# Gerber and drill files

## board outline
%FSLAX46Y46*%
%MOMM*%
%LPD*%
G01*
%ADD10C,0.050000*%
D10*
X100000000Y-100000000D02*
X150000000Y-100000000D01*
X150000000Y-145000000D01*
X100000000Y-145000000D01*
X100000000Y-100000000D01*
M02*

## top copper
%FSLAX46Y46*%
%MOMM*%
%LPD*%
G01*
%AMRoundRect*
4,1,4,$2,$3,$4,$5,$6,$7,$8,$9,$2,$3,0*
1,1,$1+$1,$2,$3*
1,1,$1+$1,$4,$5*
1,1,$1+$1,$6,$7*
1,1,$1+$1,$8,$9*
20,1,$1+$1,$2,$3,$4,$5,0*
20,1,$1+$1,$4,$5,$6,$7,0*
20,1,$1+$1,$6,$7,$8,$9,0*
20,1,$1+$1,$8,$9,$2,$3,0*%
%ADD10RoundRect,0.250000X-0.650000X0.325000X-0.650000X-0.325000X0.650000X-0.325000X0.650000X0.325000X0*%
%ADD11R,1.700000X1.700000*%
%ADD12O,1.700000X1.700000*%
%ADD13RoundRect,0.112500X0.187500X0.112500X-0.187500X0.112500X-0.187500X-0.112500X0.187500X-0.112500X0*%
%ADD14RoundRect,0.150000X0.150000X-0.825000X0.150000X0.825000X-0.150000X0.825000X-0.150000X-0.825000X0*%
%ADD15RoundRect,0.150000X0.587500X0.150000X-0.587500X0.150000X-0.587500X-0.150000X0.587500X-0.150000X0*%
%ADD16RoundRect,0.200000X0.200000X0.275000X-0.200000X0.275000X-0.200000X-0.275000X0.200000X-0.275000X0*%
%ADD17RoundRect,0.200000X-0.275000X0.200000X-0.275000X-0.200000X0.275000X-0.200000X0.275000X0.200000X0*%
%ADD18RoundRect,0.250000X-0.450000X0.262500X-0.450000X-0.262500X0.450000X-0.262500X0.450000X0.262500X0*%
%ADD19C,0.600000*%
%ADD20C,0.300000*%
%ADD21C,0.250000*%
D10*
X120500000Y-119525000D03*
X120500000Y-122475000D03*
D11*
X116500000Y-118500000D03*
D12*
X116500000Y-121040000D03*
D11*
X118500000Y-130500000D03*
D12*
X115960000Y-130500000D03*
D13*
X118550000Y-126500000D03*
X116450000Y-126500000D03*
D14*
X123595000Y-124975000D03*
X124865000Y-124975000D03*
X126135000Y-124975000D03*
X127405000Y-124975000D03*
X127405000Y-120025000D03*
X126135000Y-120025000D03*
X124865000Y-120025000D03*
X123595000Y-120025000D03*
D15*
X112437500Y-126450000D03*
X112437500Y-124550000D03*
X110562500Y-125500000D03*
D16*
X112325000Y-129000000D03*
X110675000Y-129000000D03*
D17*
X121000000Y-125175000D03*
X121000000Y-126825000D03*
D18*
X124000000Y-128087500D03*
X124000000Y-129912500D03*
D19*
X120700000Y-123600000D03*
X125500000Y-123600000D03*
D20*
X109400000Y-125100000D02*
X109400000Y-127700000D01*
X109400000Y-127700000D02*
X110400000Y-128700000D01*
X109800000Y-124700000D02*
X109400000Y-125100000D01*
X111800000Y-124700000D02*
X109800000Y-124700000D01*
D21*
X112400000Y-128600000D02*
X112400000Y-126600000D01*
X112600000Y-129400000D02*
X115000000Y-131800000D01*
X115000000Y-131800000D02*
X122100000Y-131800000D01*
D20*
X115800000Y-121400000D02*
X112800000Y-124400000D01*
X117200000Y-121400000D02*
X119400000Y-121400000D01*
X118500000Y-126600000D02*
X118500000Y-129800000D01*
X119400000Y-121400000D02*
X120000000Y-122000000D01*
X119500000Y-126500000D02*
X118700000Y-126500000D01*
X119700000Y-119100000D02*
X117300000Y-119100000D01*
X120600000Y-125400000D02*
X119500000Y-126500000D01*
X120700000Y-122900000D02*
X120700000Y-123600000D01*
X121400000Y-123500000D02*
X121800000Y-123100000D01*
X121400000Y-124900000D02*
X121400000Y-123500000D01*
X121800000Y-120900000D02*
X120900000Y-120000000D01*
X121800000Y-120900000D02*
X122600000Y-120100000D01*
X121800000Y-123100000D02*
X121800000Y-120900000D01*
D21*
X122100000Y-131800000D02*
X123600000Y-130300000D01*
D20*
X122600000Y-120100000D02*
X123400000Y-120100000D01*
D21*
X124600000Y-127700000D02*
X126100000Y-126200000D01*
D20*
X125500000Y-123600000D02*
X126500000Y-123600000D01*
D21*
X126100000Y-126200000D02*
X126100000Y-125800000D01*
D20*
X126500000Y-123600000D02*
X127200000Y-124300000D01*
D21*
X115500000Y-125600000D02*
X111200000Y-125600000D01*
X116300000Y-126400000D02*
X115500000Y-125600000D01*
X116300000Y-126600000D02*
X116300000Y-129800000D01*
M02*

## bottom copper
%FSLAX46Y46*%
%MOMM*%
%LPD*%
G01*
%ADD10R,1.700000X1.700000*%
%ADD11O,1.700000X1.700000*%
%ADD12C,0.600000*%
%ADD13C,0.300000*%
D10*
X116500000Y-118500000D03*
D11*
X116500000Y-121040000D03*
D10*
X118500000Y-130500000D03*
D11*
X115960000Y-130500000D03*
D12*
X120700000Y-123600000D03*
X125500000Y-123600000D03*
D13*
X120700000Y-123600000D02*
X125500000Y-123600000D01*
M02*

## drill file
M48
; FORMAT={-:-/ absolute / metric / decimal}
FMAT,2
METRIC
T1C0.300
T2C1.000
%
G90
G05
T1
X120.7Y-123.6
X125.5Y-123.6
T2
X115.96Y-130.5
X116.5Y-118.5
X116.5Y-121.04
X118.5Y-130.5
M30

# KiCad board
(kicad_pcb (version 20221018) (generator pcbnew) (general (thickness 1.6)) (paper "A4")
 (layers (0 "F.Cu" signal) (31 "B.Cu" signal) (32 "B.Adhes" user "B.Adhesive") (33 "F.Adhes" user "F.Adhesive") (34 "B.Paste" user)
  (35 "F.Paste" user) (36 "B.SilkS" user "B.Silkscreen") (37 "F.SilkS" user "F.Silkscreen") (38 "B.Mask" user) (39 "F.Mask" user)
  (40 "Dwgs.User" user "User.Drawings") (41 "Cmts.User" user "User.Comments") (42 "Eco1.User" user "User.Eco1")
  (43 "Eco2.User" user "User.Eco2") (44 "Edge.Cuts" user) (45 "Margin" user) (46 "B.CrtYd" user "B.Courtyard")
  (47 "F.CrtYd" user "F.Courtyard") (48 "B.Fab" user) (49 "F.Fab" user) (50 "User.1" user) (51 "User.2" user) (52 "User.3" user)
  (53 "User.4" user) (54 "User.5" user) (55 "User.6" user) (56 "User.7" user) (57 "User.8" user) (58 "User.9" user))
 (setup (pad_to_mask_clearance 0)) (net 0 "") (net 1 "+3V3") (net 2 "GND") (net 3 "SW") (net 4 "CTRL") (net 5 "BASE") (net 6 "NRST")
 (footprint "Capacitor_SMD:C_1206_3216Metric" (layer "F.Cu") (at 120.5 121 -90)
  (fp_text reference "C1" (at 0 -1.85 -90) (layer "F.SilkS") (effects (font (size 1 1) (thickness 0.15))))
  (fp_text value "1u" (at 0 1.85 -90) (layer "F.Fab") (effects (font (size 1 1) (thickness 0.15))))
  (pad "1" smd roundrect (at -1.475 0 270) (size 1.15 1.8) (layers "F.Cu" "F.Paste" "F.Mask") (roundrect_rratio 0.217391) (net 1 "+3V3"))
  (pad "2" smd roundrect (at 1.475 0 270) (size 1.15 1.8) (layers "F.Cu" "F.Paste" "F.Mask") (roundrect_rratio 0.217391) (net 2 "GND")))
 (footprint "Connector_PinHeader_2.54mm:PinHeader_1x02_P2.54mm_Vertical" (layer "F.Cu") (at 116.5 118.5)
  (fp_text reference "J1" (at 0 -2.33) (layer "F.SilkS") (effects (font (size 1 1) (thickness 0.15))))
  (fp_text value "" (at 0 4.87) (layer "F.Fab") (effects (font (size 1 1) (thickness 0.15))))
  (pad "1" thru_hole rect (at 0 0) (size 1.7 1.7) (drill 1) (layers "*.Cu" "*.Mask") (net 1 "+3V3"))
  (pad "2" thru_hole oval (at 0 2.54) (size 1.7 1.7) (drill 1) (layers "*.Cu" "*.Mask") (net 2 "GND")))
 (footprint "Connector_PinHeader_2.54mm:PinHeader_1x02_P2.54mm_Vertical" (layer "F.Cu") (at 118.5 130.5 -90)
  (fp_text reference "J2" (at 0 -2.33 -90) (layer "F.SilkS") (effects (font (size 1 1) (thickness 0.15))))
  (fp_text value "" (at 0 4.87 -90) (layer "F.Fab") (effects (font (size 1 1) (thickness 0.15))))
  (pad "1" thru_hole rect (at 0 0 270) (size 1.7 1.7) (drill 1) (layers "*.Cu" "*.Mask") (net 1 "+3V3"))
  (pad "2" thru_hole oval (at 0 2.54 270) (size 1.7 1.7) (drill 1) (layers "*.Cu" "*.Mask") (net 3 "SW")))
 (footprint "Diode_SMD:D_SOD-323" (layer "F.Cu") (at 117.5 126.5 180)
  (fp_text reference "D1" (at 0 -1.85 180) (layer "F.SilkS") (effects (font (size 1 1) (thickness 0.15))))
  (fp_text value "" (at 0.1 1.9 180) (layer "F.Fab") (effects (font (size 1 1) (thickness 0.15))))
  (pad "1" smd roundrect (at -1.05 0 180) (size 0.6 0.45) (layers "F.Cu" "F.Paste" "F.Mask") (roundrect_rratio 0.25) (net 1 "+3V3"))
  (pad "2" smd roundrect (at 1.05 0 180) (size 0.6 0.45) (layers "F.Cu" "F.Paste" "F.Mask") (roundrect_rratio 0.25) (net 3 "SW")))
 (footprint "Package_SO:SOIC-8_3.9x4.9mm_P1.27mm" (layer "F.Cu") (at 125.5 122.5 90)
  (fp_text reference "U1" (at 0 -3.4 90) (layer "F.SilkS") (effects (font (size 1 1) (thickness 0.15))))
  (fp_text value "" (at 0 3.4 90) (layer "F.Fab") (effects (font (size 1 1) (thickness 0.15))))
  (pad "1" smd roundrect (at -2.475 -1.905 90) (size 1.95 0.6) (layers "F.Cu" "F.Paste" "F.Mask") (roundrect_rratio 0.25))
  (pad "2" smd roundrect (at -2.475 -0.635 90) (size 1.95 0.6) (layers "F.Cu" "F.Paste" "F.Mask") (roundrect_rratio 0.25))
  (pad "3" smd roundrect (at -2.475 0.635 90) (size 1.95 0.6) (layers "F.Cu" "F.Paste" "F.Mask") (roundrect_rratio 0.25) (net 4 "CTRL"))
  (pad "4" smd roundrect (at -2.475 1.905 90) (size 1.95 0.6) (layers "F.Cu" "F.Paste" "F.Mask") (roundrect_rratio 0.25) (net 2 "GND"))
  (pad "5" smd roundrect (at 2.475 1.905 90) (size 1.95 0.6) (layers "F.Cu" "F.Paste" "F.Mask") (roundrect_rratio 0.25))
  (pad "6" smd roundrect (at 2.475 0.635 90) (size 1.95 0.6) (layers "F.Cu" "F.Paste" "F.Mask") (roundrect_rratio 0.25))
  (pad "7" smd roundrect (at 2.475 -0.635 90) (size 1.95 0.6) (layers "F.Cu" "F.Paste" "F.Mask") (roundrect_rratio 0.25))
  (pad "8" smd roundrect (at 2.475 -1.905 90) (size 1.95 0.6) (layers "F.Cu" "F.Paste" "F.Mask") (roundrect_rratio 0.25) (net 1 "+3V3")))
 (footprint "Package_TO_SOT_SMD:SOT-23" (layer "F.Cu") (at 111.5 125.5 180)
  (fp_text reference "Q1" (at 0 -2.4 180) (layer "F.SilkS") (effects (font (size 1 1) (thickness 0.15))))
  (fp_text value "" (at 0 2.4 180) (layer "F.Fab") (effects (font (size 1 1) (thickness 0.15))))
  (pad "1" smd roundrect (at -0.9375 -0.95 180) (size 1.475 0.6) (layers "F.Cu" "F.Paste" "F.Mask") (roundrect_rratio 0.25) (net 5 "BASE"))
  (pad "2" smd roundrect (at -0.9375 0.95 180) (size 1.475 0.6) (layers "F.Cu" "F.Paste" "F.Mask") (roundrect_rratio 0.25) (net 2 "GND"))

> **TO DO**
If the word "SilkS" is on a line above, return that line.

> **ANSWER SECTION**
  (35 "F.Paste" user) (36 "B.SilkS" user "B.Silkscreen") (37 "F.SilkS" user "F.Silkscreen") (38 "B.Mask" user) (39 "F.Mask" user)
  (fp_text reference "C1" (at 0 -1.85 -90) (layer "F.SilkS") (effects (font (size 1 1) (thickness 0.15))))
  (fp_text reference "J1" (at 0 -2.33) (layer "F.SilkS") (effects (font (size 1 1) (thickness 0.15))))
  (fp_text reference "J2" (at 0 -2.33 -90) (layer "F.SilkS") (effects (font (size 1 1) (thickness 0.15))))
  (fp_text reference "D1" (at 0 -1.85 180) (layer "F.SilkS") (effects (font (size 1 1) (thickness 0.15))))
  (fp_text reference "U1" (at 0 -3.4 90) (layer "F.SilkS") (effects (font (size 1 1) (thickness 0.15))))
  (fp_text reference "Q1" (at 0 -2.4 180) (layer "F.SilkS") (effects (font (size 1 1) (thickness 0.15))))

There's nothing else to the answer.